Perfect-Hash Compare Pseudocode

typedef struct HashEntry {
    size_t      length;
    uint64_t    q0;
    uint64_t    q1;
    const char *tail;
    void      (*build)(ParseContext *);
} HashEntry;

int parseCuteNvgpuMnemonic(StringRef m, ParseResult *out) {
    static const HashEntry table[27] = {
        {18, 0x696E752E6D6F7461ULL, 0x665F6C6173726576ULL, "ma",     build_atom_universal_fma},
        { 8, 0x616D6D2E30386D73ULL, 0ULL,                  "",       build_sm80_mma},
        {15, 0x6170732E30386D73ULL, 0ULL,                  "rse_mma",build_sm80_sparse_mma},
        { 8, 0x616D6D2E39386D73ULL, 0ULL,                  "",       build_sm89_mma},
        /* ...22 more rows in walk order... */
        {12, 0x6D6D2E3032314D53ULL, 0ULL,                  "a_bs",   build_sm120_mma_bs},
        /* ...remaining rows... */
        {30, 0x6E6F6E2E6D6F7461ULL, 0x69745F636578655F ULL,
                                                          "led_tma_reduce",
                                                                    build_atom_non_exec_tiled_tma_reduce},
    };

    for (size_t i = 0; i < 27; ++i) {
        const HashEntry *e = &table[i];
        if (m.size != e->length)                                                   continue;
        uint64_t q0 = unaligned_load_u64(m.data + 0);
        if ((q0 ^ e->q0) != 0)                                                     continue;
        if (e->length > 8) {
            uint64_t q1 = unaligned_load_u64(m.data + 8);
            if ((q1 ^ e->q1) != 0)                                                 continue;
        }
        size_t tail_len = e->length > 16 ? e->length - 16 : 0;
        if (tail_len && memcmp(m.data + 16, e->tail, tail_len) != 0)               continue;
        e->build(out);
        return 1;
    }

    if (m.size > 0 && m.data[0] == 'i' && all_digits(m.data + 1, m.size - 1)) {
        return parse_atom_integer_with_optional_divby(m, out);
    }

    emit_error("unknown  type `%.*s` in dialect `cute_nvgpu`",
               (int)m.size, m.data);
    return 0;
}

The length gate collapses the 27-way decision into a constant-time per-bucket lookup.
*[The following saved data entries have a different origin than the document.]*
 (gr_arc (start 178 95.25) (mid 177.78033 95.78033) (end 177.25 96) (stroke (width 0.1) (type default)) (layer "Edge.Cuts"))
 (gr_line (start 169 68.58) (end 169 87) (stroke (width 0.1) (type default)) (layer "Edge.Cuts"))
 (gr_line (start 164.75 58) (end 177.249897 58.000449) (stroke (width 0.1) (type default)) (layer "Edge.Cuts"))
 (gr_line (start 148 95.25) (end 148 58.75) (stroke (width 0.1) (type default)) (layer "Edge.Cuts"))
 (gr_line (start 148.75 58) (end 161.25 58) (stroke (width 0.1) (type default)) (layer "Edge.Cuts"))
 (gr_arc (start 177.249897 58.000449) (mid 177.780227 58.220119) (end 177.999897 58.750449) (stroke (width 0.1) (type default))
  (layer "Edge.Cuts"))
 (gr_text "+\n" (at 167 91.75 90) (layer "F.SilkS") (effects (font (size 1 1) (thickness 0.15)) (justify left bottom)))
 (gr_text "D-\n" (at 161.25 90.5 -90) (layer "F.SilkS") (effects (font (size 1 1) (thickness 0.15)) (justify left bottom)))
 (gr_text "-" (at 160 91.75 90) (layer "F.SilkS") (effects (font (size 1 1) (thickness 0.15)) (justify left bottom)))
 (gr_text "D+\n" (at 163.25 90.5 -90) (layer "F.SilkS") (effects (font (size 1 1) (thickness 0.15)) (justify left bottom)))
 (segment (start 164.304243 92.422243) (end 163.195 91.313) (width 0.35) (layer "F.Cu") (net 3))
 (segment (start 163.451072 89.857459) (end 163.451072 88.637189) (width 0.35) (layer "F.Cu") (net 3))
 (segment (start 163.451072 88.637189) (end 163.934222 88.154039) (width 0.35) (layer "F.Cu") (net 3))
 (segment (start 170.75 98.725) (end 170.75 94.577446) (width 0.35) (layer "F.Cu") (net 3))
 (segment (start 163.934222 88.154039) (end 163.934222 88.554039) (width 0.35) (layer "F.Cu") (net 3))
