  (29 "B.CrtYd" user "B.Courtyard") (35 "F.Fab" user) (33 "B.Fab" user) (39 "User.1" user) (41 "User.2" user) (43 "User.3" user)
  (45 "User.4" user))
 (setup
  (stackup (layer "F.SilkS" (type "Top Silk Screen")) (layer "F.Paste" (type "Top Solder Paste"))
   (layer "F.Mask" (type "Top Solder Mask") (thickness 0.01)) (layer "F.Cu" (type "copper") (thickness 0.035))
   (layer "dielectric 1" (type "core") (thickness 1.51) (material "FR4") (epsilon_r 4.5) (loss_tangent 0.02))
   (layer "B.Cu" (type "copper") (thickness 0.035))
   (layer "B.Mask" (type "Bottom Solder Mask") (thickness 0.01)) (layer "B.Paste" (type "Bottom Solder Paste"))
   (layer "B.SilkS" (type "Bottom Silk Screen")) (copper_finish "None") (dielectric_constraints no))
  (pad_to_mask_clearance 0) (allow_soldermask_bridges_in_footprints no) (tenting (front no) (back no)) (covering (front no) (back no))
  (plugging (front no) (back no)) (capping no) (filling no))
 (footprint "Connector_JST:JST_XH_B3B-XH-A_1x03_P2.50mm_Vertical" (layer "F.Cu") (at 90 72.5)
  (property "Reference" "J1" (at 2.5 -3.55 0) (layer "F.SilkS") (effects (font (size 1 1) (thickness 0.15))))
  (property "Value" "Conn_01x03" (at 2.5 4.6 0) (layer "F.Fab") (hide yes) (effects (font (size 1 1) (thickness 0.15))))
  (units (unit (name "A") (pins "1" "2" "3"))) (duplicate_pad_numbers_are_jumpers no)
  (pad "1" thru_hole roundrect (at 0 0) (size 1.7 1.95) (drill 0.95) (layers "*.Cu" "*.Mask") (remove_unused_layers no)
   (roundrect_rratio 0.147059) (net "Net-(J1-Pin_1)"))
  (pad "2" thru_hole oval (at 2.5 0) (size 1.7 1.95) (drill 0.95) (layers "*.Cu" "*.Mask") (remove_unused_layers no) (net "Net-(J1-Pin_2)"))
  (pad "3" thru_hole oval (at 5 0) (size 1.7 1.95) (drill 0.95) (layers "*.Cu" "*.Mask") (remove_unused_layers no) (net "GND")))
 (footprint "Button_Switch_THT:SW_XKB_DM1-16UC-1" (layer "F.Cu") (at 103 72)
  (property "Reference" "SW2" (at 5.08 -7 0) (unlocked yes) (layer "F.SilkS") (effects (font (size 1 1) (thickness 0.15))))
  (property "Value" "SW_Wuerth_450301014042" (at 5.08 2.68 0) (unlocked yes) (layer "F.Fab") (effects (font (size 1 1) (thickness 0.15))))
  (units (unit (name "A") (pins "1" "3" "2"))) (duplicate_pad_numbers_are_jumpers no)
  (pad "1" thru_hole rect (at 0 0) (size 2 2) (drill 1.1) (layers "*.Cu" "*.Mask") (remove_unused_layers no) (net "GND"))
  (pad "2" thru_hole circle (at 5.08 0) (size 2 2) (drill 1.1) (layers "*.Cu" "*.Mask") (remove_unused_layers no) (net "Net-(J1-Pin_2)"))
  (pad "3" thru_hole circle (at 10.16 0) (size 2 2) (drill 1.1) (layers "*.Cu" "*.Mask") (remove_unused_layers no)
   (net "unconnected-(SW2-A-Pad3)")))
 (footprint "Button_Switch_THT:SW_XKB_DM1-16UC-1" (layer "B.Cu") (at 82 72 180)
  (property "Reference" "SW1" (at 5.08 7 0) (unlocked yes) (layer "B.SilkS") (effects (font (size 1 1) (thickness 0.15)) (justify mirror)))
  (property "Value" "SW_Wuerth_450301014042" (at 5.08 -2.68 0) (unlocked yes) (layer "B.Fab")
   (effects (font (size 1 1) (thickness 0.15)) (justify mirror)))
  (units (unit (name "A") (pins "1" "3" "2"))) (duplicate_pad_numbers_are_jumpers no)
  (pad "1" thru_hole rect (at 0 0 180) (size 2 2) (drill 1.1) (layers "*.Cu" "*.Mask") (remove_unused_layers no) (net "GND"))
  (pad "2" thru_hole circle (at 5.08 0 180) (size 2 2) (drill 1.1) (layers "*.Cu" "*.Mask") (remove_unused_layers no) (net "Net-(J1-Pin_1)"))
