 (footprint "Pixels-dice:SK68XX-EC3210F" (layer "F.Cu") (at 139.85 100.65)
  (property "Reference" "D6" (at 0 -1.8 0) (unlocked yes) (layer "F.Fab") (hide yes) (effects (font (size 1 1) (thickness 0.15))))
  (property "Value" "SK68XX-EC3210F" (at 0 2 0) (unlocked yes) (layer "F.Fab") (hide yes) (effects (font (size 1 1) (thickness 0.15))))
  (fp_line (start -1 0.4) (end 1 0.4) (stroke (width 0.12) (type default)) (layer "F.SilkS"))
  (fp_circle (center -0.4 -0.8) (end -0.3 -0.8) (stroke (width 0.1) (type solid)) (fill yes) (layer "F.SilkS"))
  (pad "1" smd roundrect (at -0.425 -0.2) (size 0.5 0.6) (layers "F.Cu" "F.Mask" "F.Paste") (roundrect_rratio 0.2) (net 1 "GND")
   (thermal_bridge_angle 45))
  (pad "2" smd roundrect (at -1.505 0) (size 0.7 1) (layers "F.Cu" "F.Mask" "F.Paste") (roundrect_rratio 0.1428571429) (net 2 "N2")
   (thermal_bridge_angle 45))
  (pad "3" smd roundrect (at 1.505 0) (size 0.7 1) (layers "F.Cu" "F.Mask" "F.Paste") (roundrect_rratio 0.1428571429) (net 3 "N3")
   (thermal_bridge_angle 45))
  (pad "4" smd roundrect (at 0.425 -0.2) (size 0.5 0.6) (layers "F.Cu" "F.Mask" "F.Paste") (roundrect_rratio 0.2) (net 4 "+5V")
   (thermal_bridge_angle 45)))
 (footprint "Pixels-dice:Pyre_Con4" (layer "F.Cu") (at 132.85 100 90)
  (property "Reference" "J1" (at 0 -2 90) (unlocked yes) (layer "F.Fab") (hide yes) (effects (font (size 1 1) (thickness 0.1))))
The compiler chains the arms as if/else if rather than building a switch table because the length-OR-first-qword key is collision-free across the entire mnemonic set, and the walk order must stay stable to preserve the printer-to-parser slot correspondence the dialect's round-trip self-test depends on.

Invariants

  • Type mnemonics are case-sensitive.
  • SM120.mma_bs prints with uppercase SM; the packed qword literal 0x6D6D2E3032314D53 enforces this case-sensitively.
  • The 27-entry perfect-hash walk order is preserved across builds so that printer slot indices match the parser's branch order.
  • The 'i'-prefix branch runs only after every literal arm has missed.
  • Parameterized type printers and parsers are symmetric.
  • Operation attributes do not require a dialect-scoped attribute parser.
  • Alias hints are deterministic but never semantic.
  • The unknown-type diagnostic uses two literal spaces between unknown and type and wraps both the bad token and the dialect name in backticks.